Mansions of the Mind
It never hurts for a book dealing with the paranormal and horror to have a little mystery surrounding who actually wrote the book, along with all the media hype promoting the TV mini-series. For the record, this was written by Ridley Pearson, not Stephen King, though King was certainly aware of its gestation.
But who wrote it matters little versus the prime requisite: is it readable? Does it provoke the spine-tingling feeling that some of the best in this genre can?
It's certainly readable. The characterization of the main character Ellen Rimbauer is truly excellent. She starts as a woman who is a rather naive nineteen year old, and progressing through her thoughts and feelings about marrying a man twenty years her senior with a reputation as a 'ladies man'. How she manages her husband and his wayward ways forms one of the continuing lynch-pins of this tale. As she matures, she also starts to feel some attraction to those of her own sex, the depiction of which I felt was well done for a lady of Victorian sensibilities. But later, we are given a portrait of a woman who is slowly losing her grip on reality (or as an alternative explanation, the world she inhabits becomes truly strange). The house she lives in, and eventually becomes almost a prisoner of, Rose Red, is really the other main character, as it grows from the greatest mansion in Seattle to a house known for disappearances, murders, and suicides. On the basis of character alone, this is a worthwhile read.
But on the other aspect, the paranormal land of ghosts, inexplicable fears and visions, and houses with desires of their own, this book doesn't succeed as well.
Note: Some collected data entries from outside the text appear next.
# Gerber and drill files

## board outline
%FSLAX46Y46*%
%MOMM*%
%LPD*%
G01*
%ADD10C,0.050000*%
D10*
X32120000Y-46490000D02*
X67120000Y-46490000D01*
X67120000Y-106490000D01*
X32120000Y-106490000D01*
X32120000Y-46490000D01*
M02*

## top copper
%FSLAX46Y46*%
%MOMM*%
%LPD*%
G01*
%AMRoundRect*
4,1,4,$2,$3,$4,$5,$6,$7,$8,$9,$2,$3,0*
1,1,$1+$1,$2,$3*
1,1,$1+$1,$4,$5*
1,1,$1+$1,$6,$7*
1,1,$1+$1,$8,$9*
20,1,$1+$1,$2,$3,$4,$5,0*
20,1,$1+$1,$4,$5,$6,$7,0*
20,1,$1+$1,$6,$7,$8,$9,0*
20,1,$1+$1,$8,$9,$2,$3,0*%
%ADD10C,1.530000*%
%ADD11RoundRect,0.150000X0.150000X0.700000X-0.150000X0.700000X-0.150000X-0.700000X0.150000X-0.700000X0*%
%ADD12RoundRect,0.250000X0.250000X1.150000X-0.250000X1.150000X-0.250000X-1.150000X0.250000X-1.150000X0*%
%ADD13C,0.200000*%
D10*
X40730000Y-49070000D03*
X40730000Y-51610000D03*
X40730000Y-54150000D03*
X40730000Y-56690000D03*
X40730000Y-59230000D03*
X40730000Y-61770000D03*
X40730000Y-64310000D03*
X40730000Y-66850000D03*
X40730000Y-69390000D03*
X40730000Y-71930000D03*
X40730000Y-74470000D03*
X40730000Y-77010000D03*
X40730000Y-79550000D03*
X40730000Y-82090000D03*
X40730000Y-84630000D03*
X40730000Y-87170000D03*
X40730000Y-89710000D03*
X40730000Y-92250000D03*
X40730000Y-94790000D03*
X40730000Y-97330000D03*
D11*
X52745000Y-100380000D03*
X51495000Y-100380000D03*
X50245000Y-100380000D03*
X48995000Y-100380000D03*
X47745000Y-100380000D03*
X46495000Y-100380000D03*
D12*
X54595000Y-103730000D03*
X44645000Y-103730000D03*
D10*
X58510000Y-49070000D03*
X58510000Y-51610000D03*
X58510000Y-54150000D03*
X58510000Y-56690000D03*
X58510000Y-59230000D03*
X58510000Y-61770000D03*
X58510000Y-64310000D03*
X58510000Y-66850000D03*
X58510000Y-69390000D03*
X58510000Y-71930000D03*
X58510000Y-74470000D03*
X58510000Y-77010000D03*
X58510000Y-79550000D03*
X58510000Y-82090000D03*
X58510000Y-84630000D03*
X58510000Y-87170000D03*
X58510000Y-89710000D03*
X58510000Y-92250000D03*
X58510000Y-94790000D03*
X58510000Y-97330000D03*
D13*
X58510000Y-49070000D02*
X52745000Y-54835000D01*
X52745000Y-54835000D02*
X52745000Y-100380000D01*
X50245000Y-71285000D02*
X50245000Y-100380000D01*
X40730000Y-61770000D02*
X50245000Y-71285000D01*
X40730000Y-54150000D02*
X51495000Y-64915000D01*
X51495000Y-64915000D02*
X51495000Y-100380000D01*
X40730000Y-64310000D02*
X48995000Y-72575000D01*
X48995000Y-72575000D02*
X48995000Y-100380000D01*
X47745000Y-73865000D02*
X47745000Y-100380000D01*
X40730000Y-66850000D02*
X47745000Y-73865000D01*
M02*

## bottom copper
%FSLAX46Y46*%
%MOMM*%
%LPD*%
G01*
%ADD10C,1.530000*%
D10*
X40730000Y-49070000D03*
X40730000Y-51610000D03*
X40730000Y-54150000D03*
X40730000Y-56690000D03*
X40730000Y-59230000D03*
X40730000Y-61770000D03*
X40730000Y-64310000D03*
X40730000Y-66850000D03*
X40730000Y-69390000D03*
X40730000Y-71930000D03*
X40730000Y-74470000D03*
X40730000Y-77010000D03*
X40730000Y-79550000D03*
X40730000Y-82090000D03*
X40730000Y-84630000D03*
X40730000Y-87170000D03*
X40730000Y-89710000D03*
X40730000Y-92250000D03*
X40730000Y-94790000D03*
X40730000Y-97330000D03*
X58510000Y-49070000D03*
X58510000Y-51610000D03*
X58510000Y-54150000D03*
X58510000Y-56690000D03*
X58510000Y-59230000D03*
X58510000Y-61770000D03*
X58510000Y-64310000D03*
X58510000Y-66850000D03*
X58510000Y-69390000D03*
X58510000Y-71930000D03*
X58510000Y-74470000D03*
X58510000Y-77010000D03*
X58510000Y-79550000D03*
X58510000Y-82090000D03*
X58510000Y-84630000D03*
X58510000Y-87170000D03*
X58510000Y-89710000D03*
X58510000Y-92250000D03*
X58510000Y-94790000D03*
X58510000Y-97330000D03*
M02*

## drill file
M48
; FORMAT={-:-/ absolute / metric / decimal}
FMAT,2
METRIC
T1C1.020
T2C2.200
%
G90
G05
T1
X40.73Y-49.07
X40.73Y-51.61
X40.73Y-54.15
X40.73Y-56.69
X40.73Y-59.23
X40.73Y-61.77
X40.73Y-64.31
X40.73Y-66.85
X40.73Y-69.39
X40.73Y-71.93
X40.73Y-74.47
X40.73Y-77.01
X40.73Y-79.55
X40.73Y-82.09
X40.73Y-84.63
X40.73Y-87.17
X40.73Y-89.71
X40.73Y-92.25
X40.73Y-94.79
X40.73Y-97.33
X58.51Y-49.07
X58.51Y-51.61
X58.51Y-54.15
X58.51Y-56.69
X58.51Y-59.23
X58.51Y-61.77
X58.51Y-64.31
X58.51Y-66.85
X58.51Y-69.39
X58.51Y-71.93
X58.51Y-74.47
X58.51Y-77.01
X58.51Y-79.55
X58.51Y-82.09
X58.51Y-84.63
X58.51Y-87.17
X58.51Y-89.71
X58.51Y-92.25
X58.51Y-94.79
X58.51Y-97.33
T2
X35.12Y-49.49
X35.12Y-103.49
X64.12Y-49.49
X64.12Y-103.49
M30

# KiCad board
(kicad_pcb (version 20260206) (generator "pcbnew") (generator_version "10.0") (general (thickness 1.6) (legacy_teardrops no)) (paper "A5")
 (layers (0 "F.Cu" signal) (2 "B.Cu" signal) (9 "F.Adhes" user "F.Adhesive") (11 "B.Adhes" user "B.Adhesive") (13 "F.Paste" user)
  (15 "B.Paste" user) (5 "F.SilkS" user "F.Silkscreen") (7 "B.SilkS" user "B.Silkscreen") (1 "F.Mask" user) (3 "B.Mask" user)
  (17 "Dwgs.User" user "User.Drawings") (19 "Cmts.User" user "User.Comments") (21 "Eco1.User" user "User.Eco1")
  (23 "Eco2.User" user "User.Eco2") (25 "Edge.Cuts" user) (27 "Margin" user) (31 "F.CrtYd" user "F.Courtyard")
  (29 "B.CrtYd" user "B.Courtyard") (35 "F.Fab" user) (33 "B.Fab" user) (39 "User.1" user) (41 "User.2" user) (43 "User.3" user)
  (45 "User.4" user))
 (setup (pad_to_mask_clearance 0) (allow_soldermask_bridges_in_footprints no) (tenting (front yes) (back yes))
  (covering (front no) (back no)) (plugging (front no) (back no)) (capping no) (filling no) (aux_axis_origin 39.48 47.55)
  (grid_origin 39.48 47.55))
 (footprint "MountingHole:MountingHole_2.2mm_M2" (layer "F.Cu") (at 35.12 49.49)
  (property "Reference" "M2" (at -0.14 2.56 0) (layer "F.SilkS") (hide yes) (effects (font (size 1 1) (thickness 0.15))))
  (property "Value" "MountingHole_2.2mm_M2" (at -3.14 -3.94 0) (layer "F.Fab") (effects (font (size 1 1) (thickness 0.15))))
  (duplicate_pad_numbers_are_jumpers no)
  (pad "" np_thru_hole circle (at 0 0) (size 2.2 2.2) (drill 2.2) (layers "*.Cu" "*.Mask")))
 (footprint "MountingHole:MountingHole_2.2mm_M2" (layer "F.Cu") (at 64.12 49.49)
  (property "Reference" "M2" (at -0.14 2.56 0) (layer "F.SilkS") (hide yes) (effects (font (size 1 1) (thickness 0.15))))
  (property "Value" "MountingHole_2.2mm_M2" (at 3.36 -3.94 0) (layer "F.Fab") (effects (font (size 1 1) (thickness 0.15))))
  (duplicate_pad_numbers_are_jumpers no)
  (pad "" np_thru_hole circle (at 0 0) (size 2.2 2.2) (drill 2.2) (layers "*.Cu" "*.Mask")))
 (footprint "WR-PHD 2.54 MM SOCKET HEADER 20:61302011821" (layer "F.Cu") (at 40.73 73.2 -90)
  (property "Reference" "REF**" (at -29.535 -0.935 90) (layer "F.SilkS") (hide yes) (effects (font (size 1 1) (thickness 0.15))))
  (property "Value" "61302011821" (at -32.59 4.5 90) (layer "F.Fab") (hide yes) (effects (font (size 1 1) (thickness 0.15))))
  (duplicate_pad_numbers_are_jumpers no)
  (pad "1" thru_hole circle (at -24.13 0 270) (size 1.53 1.53) (drill 1.02) (layers "*.Cu" "*.Mask") (remove_unused_layers no)
   (solder_mask_margin 0.102))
Perhaps I found the parallels with a real house of mystery, the Winchester Mystery House located in San Jose, CA, (and at which my son is a tour guide) to be just a little too strong. It too had a magnate husband and a lady mistress who, especially in her later years, believed that she would live forever if only she would keep building on the house, leading to some very strange architectural features of stairways leading directly into ceilings and doors that open to a three-story drop. Within this book, the appearance of ghostly visions, the voices at a seance, the concept of the house being possessed by the ghosts of Indians who were buried on the site of this house, never seemed to quite gel with me, never produced the frisson that I was hoping for. I think, perhaps, that I found these elements to be a little too standard, with little originality to them.
The literary device of enfolding this whole story within a supposed doctoral dissertation and university investigation was a nice touch, but added little to it as a story, and it would have read just as well without it.
Still, a quite entertaining read, with an excellent look inside the mind of someone who changes from a very normal woman to something very strange, and making her journey to this mindscape very believable in terms of her own thought-processes and beliefs.